# Grain Filler



## wayne086 (Jan 22, 2010)

Hi,
Where can I get Grain Filler,I tried Home depot,Rona,Home Hardware,I asked the clerks and they looked at me like I had 3 heads.They had no clue what I was talking about,what is the brand that I need to find for a butterscotch blonde finish on a Fender 52RI ash Tele body,I stripped to the wood but not the filler,it has a nice smooth Natural finish,but some spots lifted,it was painted black.That is why I stripped it and the paint was pretty beat up.


----------



## copperhead (May 24, 2006)

:wave:i have got the same look a few times .Benjamin Moore makes grain filler that works good it looks just like peanut butter .but i buy it at THE PAINT SHOP but its a franchise that has about 20 stores across Newfoundland .i don't say it too hard to find Benjamin products in Ottawa


----------



## dradlin (Feb 27, 2010)

www.woodessence.com


----------



## Jim DaddyO (Mar 20, 2009)

you can use shellac and I think Lee Valley carries a sandable wood grain filler.


----------



## Lab123 (May 27, 2007)

The best filler that I have found is Z-Poxy...I bought mine on E-bay...This is a great filler.
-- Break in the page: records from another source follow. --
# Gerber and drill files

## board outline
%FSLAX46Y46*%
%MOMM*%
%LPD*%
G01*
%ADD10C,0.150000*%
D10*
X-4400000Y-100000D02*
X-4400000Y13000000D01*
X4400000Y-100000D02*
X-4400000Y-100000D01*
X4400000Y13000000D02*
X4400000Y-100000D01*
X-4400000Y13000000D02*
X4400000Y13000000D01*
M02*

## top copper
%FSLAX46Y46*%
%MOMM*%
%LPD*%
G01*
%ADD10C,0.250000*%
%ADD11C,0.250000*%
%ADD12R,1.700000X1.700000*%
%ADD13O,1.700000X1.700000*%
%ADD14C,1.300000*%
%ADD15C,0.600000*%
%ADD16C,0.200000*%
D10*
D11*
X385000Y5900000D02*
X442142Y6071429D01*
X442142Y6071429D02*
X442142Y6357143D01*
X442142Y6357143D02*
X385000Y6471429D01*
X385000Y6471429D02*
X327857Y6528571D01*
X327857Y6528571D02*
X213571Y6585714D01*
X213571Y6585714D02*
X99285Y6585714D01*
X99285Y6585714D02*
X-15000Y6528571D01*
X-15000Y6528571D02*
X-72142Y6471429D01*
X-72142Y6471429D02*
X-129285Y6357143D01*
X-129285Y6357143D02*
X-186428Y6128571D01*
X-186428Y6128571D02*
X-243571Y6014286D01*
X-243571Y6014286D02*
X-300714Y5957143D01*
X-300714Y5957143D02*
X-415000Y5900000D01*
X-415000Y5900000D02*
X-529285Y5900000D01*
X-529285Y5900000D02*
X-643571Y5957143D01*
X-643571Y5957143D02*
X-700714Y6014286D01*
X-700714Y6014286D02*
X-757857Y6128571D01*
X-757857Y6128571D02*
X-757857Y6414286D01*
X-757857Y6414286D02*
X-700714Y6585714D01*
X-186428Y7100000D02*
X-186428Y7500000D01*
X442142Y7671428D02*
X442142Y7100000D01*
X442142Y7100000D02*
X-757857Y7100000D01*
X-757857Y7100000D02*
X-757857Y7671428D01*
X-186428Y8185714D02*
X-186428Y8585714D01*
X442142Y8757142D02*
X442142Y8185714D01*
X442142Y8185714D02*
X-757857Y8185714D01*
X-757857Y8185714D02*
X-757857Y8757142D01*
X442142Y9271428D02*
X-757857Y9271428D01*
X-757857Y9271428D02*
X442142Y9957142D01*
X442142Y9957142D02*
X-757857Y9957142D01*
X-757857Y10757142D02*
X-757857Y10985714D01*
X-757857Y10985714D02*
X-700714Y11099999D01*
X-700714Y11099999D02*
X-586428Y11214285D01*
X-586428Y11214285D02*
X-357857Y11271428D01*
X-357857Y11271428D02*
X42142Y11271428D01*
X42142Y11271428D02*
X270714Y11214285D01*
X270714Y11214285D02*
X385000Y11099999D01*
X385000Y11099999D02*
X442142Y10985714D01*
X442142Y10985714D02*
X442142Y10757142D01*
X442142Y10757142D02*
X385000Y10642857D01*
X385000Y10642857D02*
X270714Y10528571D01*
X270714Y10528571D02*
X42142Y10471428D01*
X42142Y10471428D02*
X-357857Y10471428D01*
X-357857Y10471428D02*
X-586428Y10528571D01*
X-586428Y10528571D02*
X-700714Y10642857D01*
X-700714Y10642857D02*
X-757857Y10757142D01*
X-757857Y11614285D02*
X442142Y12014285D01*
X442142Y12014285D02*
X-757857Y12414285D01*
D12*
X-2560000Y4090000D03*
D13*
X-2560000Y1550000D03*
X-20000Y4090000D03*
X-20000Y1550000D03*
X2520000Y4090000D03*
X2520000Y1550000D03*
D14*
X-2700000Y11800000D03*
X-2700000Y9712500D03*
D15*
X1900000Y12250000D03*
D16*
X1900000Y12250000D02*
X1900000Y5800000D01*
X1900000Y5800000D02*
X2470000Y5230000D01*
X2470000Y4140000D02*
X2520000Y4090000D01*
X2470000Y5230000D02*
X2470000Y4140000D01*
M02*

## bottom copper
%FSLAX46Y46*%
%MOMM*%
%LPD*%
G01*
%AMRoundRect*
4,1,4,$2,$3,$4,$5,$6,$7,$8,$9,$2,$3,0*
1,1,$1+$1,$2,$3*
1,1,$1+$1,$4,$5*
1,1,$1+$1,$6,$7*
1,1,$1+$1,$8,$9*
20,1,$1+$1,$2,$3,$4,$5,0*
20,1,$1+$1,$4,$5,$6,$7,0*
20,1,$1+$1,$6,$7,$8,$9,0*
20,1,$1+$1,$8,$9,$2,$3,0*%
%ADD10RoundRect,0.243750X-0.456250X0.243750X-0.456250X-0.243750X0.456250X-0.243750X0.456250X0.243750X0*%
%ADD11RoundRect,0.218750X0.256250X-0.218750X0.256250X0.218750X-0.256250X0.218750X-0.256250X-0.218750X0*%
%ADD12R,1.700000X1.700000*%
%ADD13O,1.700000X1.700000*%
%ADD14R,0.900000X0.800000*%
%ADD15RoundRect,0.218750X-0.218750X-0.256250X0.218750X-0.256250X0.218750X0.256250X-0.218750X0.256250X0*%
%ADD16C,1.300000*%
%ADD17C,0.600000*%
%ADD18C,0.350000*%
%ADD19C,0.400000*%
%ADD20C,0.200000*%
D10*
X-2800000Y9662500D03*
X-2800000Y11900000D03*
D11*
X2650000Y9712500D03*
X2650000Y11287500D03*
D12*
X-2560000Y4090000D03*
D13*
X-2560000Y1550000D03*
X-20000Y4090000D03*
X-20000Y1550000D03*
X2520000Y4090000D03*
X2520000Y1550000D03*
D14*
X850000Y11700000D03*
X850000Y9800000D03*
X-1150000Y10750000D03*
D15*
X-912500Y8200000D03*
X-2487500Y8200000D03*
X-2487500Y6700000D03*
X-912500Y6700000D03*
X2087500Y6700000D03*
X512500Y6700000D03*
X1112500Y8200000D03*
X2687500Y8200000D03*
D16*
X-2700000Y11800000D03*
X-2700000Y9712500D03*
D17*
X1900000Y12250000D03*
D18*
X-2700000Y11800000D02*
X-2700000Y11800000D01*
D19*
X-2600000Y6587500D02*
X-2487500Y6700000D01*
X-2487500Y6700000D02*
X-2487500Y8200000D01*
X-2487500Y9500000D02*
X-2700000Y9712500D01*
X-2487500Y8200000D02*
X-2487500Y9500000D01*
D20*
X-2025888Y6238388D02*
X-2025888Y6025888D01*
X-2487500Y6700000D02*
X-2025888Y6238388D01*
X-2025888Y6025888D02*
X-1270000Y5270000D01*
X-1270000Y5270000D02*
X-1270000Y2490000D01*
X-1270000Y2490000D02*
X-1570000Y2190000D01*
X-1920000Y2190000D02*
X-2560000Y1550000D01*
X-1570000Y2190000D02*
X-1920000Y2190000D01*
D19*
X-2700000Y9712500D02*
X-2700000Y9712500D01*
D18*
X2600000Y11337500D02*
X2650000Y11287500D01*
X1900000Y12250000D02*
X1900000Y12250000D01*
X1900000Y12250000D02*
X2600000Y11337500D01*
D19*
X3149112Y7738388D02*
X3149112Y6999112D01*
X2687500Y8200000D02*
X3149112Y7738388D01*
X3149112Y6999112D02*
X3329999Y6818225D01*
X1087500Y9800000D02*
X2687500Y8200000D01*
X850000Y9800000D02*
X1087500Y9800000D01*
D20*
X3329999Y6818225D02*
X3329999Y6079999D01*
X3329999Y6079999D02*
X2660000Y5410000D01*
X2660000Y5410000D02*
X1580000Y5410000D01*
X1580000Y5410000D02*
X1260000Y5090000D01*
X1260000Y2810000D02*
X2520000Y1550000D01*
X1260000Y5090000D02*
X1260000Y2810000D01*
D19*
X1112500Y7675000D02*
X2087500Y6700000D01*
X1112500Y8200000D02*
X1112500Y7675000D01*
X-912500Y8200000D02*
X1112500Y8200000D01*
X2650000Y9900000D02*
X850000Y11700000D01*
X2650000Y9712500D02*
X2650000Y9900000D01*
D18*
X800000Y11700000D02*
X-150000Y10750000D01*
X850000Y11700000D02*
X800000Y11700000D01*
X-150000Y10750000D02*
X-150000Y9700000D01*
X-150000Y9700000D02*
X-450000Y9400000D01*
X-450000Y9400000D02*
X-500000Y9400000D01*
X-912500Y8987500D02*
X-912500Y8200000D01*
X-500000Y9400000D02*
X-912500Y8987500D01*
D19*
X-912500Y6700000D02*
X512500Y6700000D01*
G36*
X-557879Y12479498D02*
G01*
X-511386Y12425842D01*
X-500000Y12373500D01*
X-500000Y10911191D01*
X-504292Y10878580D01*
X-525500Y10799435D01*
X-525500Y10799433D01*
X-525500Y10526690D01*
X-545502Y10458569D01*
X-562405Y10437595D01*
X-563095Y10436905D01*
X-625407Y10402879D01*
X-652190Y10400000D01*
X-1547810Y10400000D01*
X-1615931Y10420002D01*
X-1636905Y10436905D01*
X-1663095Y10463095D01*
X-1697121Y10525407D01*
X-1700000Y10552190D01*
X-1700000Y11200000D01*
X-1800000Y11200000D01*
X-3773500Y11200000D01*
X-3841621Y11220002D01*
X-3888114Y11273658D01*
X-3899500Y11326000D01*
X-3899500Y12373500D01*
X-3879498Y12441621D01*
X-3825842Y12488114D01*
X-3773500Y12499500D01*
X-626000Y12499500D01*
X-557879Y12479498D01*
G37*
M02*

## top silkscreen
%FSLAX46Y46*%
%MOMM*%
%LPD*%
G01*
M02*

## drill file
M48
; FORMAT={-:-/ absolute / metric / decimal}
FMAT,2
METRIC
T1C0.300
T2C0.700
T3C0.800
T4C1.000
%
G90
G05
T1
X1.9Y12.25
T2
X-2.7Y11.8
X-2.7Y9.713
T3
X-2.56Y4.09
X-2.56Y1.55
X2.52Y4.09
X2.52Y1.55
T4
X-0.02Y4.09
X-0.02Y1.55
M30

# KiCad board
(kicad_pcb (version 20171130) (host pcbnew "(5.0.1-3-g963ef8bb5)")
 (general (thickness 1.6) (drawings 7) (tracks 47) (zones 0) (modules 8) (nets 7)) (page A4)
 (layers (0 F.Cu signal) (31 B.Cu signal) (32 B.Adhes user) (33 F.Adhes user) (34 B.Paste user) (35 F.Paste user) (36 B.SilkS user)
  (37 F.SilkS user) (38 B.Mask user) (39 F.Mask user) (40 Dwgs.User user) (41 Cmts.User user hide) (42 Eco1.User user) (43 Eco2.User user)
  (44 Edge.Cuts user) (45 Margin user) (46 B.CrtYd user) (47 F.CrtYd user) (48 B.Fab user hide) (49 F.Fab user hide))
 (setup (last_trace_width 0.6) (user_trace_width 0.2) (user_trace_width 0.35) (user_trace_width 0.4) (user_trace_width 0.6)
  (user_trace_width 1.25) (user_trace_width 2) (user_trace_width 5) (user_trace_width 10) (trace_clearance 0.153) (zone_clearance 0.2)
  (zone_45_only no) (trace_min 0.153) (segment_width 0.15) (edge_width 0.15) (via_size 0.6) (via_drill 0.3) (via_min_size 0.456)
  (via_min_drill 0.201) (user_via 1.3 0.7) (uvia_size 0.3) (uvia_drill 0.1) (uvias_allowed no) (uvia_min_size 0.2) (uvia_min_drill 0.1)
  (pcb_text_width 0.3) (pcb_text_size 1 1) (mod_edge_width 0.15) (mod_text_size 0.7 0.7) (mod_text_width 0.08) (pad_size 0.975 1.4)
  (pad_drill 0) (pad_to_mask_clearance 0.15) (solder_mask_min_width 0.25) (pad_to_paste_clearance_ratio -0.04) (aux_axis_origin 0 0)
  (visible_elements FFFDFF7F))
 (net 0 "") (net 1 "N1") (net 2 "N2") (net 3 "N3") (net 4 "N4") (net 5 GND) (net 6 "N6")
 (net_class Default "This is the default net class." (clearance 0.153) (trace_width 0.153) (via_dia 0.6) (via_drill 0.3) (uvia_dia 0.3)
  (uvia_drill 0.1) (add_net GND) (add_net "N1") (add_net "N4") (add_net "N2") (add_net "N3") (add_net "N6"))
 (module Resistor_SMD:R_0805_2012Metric (layer B.Cu) (at -2.8 -10.6 270)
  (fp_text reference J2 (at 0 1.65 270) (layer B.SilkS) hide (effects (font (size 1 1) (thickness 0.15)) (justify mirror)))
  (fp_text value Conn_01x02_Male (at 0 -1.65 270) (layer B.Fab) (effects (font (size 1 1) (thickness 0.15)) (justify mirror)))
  (pad 2 smd roundrect (at 0.9375 0 270) (size 0.975 1.4) (layers B.Cu B.Paste B.Mask) (roundrect_rratio 0.25) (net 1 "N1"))
  (pad 1 smd roundrect (at -1.3 0 270) (size 0.975 1.4) (layers B.Cu B.Paste B.Mask) (roundrect_rratio 0.25) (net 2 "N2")))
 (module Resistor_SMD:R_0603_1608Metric (layer B.Cu) (at 2.65 -10.5 90)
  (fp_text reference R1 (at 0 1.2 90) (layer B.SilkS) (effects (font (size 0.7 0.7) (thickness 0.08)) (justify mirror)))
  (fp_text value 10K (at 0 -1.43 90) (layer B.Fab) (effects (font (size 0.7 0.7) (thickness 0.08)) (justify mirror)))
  (pad 1 smd roundrect (at -0.7875 0 90) (size 0.875 0.95) (layers B.Cu B.Paste B.Mask) (roundrect_rratio 0.25) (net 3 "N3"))
  (pad 2 smd roundrect (at 0.7875 0 90) (size 0.875 0.95) (layers B.Cu B.Paste B.Mask) (roundrect_rratio 0.25) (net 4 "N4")))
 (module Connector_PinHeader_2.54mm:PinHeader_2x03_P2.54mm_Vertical (layer B.Cu) (at -2.56 -4.09 270)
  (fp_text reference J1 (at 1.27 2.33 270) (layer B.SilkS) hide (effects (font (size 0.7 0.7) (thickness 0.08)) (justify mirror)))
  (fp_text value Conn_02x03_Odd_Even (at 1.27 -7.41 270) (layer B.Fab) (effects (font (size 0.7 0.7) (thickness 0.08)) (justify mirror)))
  (pad 1 thru_hole rect (at 0 0 270) (size 1.7 1.7) (drill 0.8) (layers *.Cu *.Mask))
  (pad 2 thru_hole oval (at 2.54 0 270) (size 1.7 1.7) (drill 0.8) (layers *.Cu *.Mask) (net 1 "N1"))
  (pad 3 thru_hole oval (at 0 -2.54 270) (size 1.7 1.7) (drill 1) (layers *.Cu *.Mask))
  (pad 4 thru_hole oval (at 2.54 -2.54 270) (size 1.7 1.7) (drill 1) (layers *.Cu *.Mask))
  (pad 5 thru_hole oval (at 0 -5.08 270) (size 1.7 1.7) (drill 0.8) (layers *.Cu *.Mask) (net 4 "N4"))
  (pad 6 thru_hole oval (at 2.54 -5.08 270) (size 1.7 1.7) (drill 0.8) (layers *.Cu *.Mask) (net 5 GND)))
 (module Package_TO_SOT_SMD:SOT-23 (layer B.Cu) (at -0.15 -10.75 180)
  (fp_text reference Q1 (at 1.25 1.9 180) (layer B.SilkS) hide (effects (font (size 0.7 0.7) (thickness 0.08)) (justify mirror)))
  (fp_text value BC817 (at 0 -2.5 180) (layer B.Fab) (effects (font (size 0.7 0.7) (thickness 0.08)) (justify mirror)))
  (pad 1 smd rect (at -1 0.95 180) (size 0.9 0.8) (layers B.Cu B.Paste B.Mask) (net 3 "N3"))
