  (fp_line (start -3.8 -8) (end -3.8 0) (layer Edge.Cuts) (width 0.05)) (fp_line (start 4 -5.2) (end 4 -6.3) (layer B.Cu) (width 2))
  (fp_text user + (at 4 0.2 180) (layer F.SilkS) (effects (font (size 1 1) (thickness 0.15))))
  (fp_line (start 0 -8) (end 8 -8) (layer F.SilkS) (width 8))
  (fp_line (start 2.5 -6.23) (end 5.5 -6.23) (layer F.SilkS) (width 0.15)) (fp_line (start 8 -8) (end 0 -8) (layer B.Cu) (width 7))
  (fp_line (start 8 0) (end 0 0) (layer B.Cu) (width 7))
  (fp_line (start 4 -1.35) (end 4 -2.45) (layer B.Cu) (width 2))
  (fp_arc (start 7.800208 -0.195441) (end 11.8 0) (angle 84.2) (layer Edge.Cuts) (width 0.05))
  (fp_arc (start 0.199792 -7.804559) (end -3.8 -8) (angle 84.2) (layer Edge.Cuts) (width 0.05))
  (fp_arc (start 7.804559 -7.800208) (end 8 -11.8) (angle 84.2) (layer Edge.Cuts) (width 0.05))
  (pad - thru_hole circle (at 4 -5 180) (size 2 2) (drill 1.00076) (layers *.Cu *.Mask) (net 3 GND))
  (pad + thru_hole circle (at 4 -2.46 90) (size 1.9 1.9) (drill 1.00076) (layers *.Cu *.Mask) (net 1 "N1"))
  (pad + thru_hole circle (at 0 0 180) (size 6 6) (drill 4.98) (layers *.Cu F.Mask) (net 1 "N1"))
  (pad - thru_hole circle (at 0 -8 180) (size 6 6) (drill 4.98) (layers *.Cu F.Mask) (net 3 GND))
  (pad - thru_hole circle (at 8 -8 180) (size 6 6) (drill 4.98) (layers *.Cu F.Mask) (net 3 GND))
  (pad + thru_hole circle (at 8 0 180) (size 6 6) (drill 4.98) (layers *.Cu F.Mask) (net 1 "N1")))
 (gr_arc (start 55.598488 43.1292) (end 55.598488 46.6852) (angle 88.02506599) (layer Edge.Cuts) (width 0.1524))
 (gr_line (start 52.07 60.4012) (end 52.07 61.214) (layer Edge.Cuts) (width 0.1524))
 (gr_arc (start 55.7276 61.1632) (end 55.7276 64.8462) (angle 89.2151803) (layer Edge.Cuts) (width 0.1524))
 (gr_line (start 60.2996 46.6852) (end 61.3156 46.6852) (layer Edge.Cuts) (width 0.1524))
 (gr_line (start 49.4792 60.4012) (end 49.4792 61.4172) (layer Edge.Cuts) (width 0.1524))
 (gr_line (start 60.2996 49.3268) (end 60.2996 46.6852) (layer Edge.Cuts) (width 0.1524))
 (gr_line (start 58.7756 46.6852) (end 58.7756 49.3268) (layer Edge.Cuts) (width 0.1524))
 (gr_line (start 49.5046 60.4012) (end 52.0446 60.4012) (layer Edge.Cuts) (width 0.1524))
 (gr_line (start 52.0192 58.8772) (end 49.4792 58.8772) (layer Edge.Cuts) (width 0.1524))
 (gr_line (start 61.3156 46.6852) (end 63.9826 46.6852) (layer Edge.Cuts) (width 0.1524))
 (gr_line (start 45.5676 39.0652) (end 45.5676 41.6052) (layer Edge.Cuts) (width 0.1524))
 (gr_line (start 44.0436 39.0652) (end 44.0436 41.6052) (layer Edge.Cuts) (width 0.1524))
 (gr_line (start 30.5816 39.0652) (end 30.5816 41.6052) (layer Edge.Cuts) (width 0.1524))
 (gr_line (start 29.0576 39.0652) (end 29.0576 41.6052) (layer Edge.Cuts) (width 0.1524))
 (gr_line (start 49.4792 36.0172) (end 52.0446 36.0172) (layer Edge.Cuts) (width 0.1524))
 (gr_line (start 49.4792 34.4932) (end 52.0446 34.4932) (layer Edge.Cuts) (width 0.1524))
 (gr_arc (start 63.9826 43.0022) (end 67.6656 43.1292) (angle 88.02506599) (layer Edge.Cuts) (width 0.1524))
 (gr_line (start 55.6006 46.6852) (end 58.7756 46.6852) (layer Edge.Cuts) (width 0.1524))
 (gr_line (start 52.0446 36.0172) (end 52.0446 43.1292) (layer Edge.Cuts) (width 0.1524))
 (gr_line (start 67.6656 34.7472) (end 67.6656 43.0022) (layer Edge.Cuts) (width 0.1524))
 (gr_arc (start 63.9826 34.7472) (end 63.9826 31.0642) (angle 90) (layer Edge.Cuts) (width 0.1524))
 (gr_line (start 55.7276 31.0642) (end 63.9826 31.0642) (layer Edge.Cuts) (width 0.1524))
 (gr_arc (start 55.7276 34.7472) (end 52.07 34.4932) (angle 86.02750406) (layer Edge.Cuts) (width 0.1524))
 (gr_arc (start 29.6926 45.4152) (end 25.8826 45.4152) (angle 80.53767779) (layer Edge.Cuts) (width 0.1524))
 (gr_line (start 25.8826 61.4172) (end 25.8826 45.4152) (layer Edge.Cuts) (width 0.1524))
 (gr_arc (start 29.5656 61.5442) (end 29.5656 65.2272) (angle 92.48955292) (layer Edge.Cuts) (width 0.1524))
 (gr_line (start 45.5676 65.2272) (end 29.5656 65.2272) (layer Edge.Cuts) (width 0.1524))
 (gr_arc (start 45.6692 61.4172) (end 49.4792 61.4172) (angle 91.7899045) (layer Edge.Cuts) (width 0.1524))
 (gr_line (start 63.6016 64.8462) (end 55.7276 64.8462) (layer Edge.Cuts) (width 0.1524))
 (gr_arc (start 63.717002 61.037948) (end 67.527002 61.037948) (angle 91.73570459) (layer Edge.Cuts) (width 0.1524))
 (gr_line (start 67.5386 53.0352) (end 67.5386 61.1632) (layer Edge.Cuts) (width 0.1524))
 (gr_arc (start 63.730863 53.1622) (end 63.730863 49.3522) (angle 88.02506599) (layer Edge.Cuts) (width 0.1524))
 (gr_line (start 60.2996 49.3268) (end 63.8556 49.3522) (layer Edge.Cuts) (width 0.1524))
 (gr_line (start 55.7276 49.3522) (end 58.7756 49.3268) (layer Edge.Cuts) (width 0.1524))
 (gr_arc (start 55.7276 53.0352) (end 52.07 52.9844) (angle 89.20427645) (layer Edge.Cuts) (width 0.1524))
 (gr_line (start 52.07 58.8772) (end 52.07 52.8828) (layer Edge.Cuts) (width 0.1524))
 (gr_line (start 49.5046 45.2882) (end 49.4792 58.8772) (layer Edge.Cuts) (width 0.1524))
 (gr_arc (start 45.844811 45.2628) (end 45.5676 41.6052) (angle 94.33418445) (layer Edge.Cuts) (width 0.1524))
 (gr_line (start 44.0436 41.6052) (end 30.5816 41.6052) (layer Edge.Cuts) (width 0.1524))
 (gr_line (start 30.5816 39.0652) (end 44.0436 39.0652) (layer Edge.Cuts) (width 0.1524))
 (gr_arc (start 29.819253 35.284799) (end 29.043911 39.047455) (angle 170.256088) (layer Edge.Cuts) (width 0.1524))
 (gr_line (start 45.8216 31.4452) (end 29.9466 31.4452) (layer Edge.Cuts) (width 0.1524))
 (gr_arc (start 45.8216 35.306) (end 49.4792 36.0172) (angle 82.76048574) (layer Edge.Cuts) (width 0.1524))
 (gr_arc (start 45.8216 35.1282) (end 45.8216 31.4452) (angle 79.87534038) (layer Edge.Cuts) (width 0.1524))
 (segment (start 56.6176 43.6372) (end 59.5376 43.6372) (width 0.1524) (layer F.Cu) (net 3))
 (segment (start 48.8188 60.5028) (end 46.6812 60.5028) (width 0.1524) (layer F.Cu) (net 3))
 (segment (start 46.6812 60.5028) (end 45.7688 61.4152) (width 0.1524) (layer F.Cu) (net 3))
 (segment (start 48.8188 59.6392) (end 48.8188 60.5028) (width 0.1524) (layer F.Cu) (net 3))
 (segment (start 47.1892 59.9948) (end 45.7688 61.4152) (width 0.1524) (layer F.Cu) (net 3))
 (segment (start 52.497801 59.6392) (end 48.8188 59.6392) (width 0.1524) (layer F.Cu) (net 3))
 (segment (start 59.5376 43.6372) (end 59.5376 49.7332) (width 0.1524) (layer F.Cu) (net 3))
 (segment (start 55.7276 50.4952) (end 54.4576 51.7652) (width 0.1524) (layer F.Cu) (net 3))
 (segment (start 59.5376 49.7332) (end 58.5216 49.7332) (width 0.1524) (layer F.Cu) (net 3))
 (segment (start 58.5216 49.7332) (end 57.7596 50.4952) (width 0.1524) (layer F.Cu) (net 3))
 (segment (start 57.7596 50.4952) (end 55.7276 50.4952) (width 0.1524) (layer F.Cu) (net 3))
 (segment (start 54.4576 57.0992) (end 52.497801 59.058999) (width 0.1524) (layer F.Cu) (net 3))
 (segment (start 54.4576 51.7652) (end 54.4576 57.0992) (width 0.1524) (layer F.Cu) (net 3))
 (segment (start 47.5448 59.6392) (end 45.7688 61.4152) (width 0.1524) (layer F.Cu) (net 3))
Larry


----------



## Alain Moisan (Jan 16, 2010)

I use epoxy as well. (Just not Z-Poxy). Works well and the final look is wonderfull. Much better than any colored filler I've tried/seen.


----------



## wayne086 (Jan 22, 2010)

Thanks Guys,picked up grain filler at moores paints.


----------



## copperhead (May 24, 2006)

anything local works best no waiting by the mailbox just GIT-R-DONE
here on the rock almost everything i use has to be ordered
:smilie_flagge17:


----------



## Matthew (Jan 19, 2009)

Samething for me on the other rock in Victoria. It adds a lot of time to the build!


----------